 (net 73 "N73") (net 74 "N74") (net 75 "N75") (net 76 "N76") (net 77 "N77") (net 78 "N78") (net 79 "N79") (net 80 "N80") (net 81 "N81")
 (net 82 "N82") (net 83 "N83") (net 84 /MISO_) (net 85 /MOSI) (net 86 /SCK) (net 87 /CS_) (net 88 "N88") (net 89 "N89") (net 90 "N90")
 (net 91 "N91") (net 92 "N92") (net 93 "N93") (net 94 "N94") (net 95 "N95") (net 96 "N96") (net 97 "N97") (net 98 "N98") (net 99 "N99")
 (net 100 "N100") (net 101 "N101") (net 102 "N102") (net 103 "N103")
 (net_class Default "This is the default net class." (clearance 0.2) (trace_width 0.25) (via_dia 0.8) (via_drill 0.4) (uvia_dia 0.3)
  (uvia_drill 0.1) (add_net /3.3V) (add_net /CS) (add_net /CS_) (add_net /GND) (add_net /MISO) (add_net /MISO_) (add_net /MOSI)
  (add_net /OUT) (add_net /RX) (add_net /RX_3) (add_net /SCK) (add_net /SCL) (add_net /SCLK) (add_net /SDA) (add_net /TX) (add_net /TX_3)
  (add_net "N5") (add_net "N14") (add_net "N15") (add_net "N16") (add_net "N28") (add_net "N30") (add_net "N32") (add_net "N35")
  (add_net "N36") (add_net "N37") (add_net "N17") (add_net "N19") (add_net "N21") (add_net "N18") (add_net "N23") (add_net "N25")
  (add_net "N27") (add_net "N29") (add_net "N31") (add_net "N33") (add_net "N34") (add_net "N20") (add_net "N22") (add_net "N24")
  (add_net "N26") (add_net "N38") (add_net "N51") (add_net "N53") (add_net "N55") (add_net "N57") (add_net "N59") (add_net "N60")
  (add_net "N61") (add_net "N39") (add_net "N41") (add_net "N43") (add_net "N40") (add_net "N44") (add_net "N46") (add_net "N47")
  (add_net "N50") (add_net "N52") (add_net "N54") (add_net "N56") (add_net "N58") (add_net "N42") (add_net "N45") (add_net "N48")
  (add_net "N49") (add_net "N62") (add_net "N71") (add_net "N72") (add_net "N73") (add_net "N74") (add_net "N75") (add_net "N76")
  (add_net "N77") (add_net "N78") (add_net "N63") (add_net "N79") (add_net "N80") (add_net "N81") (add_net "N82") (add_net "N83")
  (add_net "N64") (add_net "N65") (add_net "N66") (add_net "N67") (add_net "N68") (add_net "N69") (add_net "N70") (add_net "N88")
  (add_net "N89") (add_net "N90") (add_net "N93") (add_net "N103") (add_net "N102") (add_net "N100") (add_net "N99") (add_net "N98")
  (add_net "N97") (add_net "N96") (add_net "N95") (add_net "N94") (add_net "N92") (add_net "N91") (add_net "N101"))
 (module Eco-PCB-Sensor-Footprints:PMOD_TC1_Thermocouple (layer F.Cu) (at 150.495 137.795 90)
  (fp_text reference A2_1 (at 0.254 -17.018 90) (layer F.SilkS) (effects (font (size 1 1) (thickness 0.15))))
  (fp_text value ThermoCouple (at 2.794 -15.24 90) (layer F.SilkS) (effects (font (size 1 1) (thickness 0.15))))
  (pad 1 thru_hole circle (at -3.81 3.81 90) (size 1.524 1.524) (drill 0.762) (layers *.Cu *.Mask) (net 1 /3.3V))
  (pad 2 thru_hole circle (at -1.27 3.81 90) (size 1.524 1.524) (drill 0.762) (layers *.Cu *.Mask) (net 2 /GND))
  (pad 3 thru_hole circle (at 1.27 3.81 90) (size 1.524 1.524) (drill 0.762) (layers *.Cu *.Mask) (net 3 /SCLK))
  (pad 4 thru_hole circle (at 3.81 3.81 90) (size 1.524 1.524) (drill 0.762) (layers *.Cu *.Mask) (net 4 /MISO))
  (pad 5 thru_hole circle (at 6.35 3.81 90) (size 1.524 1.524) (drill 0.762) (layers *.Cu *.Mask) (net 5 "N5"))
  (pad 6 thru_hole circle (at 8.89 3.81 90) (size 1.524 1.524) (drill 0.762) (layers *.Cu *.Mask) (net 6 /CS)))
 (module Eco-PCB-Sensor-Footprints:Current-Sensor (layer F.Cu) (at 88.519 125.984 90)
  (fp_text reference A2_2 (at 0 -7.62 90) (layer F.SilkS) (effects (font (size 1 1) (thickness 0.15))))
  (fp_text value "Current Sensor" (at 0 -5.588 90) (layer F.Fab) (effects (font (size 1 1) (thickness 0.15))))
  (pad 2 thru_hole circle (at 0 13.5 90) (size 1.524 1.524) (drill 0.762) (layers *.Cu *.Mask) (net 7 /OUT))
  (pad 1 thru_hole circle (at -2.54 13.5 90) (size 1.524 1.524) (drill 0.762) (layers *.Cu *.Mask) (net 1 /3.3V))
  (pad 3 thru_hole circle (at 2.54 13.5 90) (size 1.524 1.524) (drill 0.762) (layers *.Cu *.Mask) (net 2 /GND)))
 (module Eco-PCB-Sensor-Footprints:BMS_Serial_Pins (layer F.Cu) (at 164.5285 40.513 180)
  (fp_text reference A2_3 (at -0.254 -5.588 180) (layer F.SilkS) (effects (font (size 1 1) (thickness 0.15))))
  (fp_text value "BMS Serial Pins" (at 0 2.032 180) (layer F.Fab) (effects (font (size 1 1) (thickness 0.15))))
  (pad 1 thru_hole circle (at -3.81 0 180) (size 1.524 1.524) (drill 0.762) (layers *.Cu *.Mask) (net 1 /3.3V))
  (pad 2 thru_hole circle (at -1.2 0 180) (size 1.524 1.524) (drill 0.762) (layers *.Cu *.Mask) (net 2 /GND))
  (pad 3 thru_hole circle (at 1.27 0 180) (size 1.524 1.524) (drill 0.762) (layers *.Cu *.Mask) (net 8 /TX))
******
• Problem to solve: All of the listing above should be restated word for word.

• Reply to the exercise:
 (net 73 "N73") (net 74 "N74") (net 75 "N75") (net 76 "N76") (net 77 "N77") (net 78 "N78") (net 79 "N79") (net 80 "N80") (net 81 "N81")
 (net 82 "N82") (net 83 "N83") (net 84 /MISO_) (net 85 /MOSI) (net 86 /SCK) (net 87 /CS_) (net 88 "N88") (net 89 "N89") (net 90 "N90")
 (net 91 "N91") (net 92 "N92") (net 93 "N93") (net 94 "N94") (net 95 "N95") (net 96 "N96") (net 97 "N97") (net 98 "N98") (net 99 "N99")
 (net 100 "N100") (net 101 "N101") (net 102 "N102") (net 103 "N103")
 (net_class Default "This is the default net class." (clearance 0.2) (trace_width 0.25) (via_dia 0.8) (via_drill 0.4) (uvia_dia 0.3)
  (uvia_drill 0.1) (add_net /3.3V) (add_net /CS) (add_net /CS_) (add_net /GND) (add_net /MISO) (add_net /MISO_) (add_net /MOSI)
  (add_net /OUT) (add_net /RX) (add_net /RX_3) (add_net /SCK) (add_net /SCL) (add_net /SCLK) (add_net /SDA) (add_net /TX) (add_net /TX_3)
  (add_net "N5") (add_net "N14") (add_net "N15") (add_net "N16") (add_net "N28") (add_net "N30") (add_net "N32") (add_net "N35")
  (add_net "N36") (add_net "N37") (add_net "N17") (add_net "N19") (add_net "N21") (add_net "N18") (add_net "N23") (add_net "N25")
  (add_net "N27") (add_net "N29") (add_net "N31") (add_net "N33") (add_net "N34") (add_net "N20") (add_net "N22") (add_net "N24")
  (add_net "N26") (add_net "N38") (add_net "N51") (add_net "N53") (add_net "N55") (add_net "N57") (add_net "N59") (add_net "N60")
  (add_net "N61") (add_net "N39") (add_net "N41") (add_net "N43") (add_net "N40") (add_net "N44") (add_net "N46") (add_net "N47")
  (add_net "N50") (add_net "N52") (add_net "N54") (add_net "N56") (add_net "N58") (add_net "N42") (add_net "N45") (add_net "N48")
  (add_net "N49") (add_net "N62") (add_net "N71") (add_net "N72") (add_net "N73") (add_net "N74") (add_net "N75") (add_net "N76")
  (add_net "N77") (add_net "N78") (add_net "N63") (add_net "N79") (add_net "N80") (add_net "N81") (add_net "N82") (add_net "N83")
  (add_net "N64") (add_net "N65") (add_net "N66") (add_net "N67") (add_net "N68") (add_net "N69") (add_net "N70") (add_net "N88")
  (add_net "N89") (add_net "N90") (add_net "N93") (add_net "N103") (add_net "N102") (add_net "N100") (add_net "N99") (add_net "N98")
  (add_net "N97") (add_net "N96") (add_net "N95") (add_net "N94") (add_net "N92") (add_net "N91") (add_net "N101"))
 (module Eco-PCB-Sensor-Footprints:PMOD_TC1_Thermocouple (layer F.Cu) (at 150.495 137.795 90)
  (fp_text reference A2_1 (at 0.254 -17.018 90) (layer F.SilkS) (effects (font (size 1 1) (thickness 0.15))))
  (fp_text value ThermoCouple (at 2.794 -15.24 90) (layer F.SilkS) (effects (font (size 1 1) (thickness 0.15))))
  (pad 1 thru_hole circle (at -3.81 3.81 90) (size 1.524 1.524) (drill 0.762) (layers *.Cu *.Mask) (net 1 /3.3V))
  (pad 2 thru_hole circle (at -1.27 3.81 90) (size 1.524 1.524) (drill 0.762) (layers *.Cu *.Mask) (net 2 /GND))
  (pad 3 thru_hole circle (at 1.27 3.81 90) (size 1.524 1.524) (drill 0.762) (layers *.Cu *.Mask) (net 3 /SCLK))
  (pad 4 thru_hole circle (at 3.81 3.81 90) (size 1.524 1.524) (drill 0.762) (layers *.Cu *.Mask) (net 4 /MISO))
  (pad 5 thru_hole circle (at 6.35 3.81 90) (size 1.524 1.524) (drill 0.762) (layers *.Cu *.Mask) (net 5 "N5"))
  (pad 6 thru_hole circle (at 8.89 3.81 90) (size 1.524 1.524) (drill 0.762) (layers *.Cu *.Mask) (net 6 /CS)))
 (module Eco-PCB-Sensor-Footprints:Current-Sensor (layer F.Cu) (at 88.519 125.984 90)
  (fp_text reference A2_2 (at 0 -7.62 90) (layer F.SilkS) (effects (font (size 1 1) (thickness 0.15))))
  (fp_text value "Current Sensor" (at 0 -5.588 90) (layer F.Fab) (effects (font (size 1 1) (thickness 0.15))))
  (pad 2 thru_hole circle (at 0 13.5 90) (size 1.524 1.524) (drill 0.762) (layers *.Cu *.Mask) (net 7 /OUT))
  (pad 1 thru_hole circle (at -2.54 13.5 90) (size 1.524 1.524) (drill 0.762) (layers *.Cu *.Mask) (net 1 /3.3V))
  (pad 3 thru_hole circle (at 2.54 13.5 90) (size 1.524 1.524) (drill 0.762) (layers *.Cu *.Mask) (net 2 /GND)))
 (module Eco-PCB-Sensor-Footprints:BMS_Serial_Pins (layer F.Cu) (at 164.5285 40.513 180)
  (fp_text reference A2_3 (at -0.254 -5.588 180) (layer F.SilkS) (effects (font (size 1 1) (thickness 0.15))))
  (fp_text value "BMS Serial Pins" (at 0 2.032 180) (layer F.Fab) (effects (font (size 1 1) (thickness 0.15))))
  (pad 1 thru_hole circle (at -3.81 0 180) (size 1.524 1.524) (drill 0.762) (layers *.Cu *.Mask) (net 1 /3.3V))
  (pad 2 thru_hole circle (at -1.2 0 180) (size 1.524 1.524) (drill 0.762) (layers *.Cu *.Mask) (net 2 /GND))
  (pad 3 thru_hole circle (at 1.27 0 180) (size 1.524 1.524) (drill 0.762) (layers *.Cu *.Mask) (net 8 /TX))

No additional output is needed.